You are correct: it takes three DNA nucleic acids to code for each amino acid in a protien. As you noted, 4^3 gives 64 possible three nucleic acid codes (called “codons”). One is a start codon. It codes for the amino acid Methionine, which is the first amino acid in all protiens. This codon basically tells the machinery “start manufacture of protien here.” Three are end codons – “stop the protien here.” The remaining sixty code for the remaining 19 amino acids. As you can see, there is some redundancy in this system, and most amino acids are coded for by more than one codon. Here is a table of the genetic code. Interestingly, this is very stron evidence for the evolution of all life from a single common ancestor, since every known organism uses a virtually identical genetic code, and the odds of this happening randomly are virtually nill.

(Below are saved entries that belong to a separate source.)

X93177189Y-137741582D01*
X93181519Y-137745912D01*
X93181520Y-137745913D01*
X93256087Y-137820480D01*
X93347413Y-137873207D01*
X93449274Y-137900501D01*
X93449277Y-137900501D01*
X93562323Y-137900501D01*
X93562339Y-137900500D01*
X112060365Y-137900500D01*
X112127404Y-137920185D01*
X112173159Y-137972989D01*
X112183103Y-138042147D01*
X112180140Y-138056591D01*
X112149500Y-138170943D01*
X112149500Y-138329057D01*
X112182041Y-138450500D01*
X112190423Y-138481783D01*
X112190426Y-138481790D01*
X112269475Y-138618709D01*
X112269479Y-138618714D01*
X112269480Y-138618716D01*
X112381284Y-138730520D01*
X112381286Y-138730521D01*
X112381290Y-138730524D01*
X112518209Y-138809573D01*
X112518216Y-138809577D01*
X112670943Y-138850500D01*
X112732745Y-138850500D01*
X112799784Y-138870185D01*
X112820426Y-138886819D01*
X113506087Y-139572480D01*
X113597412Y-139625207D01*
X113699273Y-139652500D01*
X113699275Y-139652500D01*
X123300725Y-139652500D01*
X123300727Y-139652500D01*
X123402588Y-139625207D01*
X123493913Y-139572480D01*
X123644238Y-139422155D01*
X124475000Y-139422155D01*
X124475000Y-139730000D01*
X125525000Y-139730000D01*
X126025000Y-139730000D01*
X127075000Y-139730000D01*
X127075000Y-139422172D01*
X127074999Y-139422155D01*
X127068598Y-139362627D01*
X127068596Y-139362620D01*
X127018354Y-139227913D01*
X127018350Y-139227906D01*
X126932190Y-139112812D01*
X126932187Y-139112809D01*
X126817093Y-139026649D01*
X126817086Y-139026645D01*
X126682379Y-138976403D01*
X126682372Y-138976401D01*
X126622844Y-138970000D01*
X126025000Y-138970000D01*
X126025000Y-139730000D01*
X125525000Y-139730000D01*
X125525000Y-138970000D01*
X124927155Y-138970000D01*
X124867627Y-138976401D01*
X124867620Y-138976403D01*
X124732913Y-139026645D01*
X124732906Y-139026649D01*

Also, the amino acids don’t just electrostatically stick to the codons. There is a further step in the process. There is a type of RNA called tRNA (transfer RNA) that is required. It is shown at the top of the link I provided. Basically, tRNA has the three nucleic acids that match the codon (the “anticodon”), which causes them to stick together. The tRNA has the appropriate amino acid bound onto the other end, which the cellular machinery can then add onto the growing protien.

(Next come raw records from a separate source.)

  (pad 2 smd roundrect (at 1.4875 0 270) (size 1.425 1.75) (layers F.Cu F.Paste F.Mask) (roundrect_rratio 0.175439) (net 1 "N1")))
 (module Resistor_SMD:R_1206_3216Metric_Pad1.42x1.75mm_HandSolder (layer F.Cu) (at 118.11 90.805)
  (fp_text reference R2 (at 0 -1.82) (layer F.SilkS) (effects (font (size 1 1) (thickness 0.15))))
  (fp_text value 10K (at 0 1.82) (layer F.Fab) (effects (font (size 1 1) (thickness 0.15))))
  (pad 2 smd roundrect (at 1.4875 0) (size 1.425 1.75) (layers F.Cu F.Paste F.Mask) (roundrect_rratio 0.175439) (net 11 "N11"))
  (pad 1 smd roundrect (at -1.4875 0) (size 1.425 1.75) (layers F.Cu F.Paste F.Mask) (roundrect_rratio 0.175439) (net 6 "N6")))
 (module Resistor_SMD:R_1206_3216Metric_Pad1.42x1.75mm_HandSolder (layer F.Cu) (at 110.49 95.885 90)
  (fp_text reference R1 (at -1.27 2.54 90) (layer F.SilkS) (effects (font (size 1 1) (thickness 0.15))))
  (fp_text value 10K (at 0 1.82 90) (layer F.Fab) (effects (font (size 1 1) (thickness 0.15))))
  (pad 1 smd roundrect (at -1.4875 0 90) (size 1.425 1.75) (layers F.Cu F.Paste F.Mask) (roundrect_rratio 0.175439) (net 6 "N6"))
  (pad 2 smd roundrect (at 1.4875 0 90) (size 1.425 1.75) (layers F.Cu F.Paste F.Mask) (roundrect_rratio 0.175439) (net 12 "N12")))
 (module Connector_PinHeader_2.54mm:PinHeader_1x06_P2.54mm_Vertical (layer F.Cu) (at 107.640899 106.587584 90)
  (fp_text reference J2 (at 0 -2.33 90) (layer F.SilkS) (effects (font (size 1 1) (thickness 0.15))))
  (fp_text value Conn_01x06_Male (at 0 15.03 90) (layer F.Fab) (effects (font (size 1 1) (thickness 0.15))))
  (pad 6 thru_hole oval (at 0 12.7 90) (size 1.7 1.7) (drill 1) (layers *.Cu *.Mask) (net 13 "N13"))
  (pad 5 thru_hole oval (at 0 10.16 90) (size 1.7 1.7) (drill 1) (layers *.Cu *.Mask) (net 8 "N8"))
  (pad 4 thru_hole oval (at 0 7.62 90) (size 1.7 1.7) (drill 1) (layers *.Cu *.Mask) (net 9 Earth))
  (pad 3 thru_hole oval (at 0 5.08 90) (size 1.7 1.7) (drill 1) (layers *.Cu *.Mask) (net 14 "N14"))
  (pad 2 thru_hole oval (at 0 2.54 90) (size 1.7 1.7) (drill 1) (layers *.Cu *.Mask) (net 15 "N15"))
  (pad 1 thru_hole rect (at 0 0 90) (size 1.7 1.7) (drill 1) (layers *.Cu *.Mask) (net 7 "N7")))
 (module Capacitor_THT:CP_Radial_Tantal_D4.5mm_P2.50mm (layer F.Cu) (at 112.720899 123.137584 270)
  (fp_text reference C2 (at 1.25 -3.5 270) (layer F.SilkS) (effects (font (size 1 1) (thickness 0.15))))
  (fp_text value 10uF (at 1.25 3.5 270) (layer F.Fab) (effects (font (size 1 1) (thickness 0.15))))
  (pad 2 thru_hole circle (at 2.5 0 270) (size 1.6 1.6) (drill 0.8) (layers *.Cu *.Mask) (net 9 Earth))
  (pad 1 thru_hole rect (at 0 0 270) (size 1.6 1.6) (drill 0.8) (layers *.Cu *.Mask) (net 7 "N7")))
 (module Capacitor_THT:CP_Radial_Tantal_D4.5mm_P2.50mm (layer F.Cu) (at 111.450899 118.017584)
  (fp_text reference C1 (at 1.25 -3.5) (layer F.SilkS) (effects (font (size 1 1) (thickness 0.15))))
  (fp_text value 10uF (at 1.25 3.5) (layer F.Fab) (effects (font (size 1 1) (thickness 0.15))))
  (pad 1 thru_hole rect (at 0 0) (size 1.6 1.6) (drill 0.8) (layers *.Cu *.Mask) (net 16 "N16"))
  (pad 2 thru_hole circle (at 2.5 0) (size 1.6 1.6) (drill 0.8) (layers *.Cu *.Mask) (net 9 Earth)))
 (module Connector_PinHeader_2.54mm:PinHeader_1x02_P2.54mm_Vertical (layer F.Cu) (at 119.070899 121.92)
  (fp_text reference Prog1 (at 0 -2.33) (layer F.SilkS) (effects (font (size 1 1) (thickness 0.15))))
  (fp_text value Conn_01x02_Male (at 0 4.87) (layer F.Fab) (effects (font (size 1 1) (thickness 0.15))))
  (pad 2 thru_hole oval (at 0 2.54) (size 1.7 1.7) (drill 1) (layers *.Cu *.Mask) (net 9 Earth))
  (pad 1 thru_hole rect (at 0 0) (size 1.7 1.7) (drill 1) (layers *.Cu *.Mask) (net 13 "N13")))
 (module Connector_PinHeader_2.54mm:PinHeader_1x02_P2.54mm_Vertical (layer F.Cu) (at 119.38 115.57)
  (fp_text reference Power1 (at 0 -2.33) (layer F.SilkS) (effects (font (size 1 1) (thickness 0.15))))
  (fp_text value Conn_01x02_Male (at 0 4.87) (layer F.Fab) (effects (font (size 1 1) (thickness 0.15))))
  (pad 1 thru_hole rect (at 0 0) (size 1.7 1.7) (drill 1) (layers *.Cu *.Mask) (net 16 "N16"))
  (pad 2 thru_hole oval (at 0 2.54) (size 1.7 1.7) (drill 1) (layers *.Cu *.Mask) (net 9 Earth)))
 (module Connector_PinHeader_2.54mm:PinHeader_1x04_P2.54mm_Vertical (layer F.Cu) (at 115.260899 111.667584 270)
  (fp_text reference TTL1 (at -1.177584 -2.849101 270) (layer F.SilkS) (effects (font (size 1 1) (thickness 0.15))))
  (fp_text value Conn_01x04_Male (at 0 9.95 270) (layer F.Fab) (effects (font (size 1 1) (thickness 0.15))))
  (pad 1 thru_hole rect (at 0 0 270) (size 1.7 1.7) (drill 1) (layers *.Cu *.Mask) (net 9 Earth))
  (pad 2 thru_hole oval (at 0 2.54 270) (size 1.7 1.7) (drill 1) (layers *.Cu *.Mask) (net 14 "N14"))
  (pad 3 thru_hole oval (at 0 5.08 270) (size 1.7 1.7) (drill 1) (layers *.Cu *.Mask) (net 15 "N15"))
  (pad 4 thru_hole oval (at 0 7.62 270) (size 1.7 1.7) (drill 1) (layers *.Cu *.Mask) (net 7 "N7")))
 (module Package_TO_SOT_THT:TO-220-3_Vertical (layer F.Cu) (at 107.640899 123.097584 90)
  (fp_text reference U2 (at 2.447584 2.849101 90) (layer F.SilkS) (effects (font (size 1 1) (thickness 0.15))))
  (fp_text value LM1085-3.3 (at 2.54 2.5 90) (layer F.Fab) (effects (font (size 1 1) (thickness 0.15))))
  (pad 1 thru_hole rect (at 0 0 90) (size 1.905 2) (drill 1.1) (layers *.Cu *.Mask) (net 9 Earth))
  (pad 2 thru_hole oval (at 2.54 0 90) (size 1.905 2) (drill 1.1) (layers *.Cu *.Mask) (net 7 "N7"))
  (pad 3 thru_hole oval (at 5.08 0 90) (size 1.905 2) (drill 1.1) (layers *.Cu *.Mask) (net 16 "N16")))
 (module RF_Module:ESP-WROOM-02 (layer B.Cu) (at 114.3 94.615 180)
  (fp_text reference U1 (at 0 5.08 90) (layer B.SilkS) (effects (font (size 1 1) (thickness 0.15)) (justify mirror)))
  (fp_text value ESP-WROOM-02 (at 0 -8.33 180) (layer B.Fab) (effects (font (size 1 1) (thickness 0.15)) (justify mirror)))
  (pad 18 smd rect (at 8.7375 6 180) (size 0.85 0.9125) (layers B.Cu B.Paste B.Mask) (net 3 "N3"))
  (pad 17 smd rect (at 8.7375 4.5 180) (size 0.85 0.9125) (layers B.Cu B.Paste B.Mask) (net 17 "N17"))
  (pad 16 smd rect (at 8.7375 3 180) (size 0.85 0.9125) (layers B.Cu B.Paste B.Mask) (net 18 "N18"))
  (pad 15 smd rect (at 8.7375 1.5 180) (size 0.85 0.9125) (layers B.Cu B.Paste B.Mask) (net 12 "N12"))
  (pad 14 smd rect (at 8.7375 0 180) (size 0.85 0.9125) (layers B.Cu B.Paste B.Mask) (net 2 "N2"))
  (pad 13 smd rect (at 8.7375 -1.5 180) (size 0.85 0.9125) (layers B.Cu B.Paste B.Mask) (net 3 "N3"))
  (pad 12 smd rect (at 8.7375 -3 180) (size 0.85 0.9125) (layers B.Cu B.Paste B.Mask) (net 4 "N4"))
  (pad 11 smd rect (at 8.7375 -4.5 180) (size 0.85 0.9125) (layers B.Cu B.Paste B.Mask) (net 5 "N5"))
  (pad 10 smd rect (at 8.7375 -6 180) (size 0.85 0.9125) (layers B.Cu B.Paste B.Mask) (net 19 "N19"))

This is all fascinating stuff! Thanks… I never really understood all this until now.
So more questions… if you don’t mind!
I’m assuming not all the genes of the human body are known. The human genome project might tell us that on chromosome <#>, in location <whatever> there is some gene, but that can’t possibly mean we know what that gene does, can it? I’m assuming there are thousands upon thousands of genes that were identified that no one has any clue what they do.
As was pointed out earlier, basically DNA testing is looking at certain genes and then (I might not phrase this right) matching the alleles. If the alleles match, you have the right person. Is that right? If that is correct, can anyone put in simple terms how this is physically done? How do you pull DNA from a nucleus, then unravel it from the protein, then isolate a particular gene in the DNA, then look at the nucleic acid sequence (allele?) of that gene?
cmosdes, there is a technology called PCR, polymerase chain reaction. It is a process in which the chromosome is denatured (separated) in two strands, each of which serve as a template to create a new double helix, which is again denatured, and then copied, and the cycle starts again. This is the way to obtain a lot of copies of DNA from a relatively small sample.
I forgot (and don’t have with me) the next steps in specifically searching for a gene, other than to say that it is done and the process is not that complicated.
cmosdes, your link states it’s highly simplified, which it is. It completely ignores the role of the ribosome in replication. The ribosome is the place where the actual amino acids and protein molecules are formed.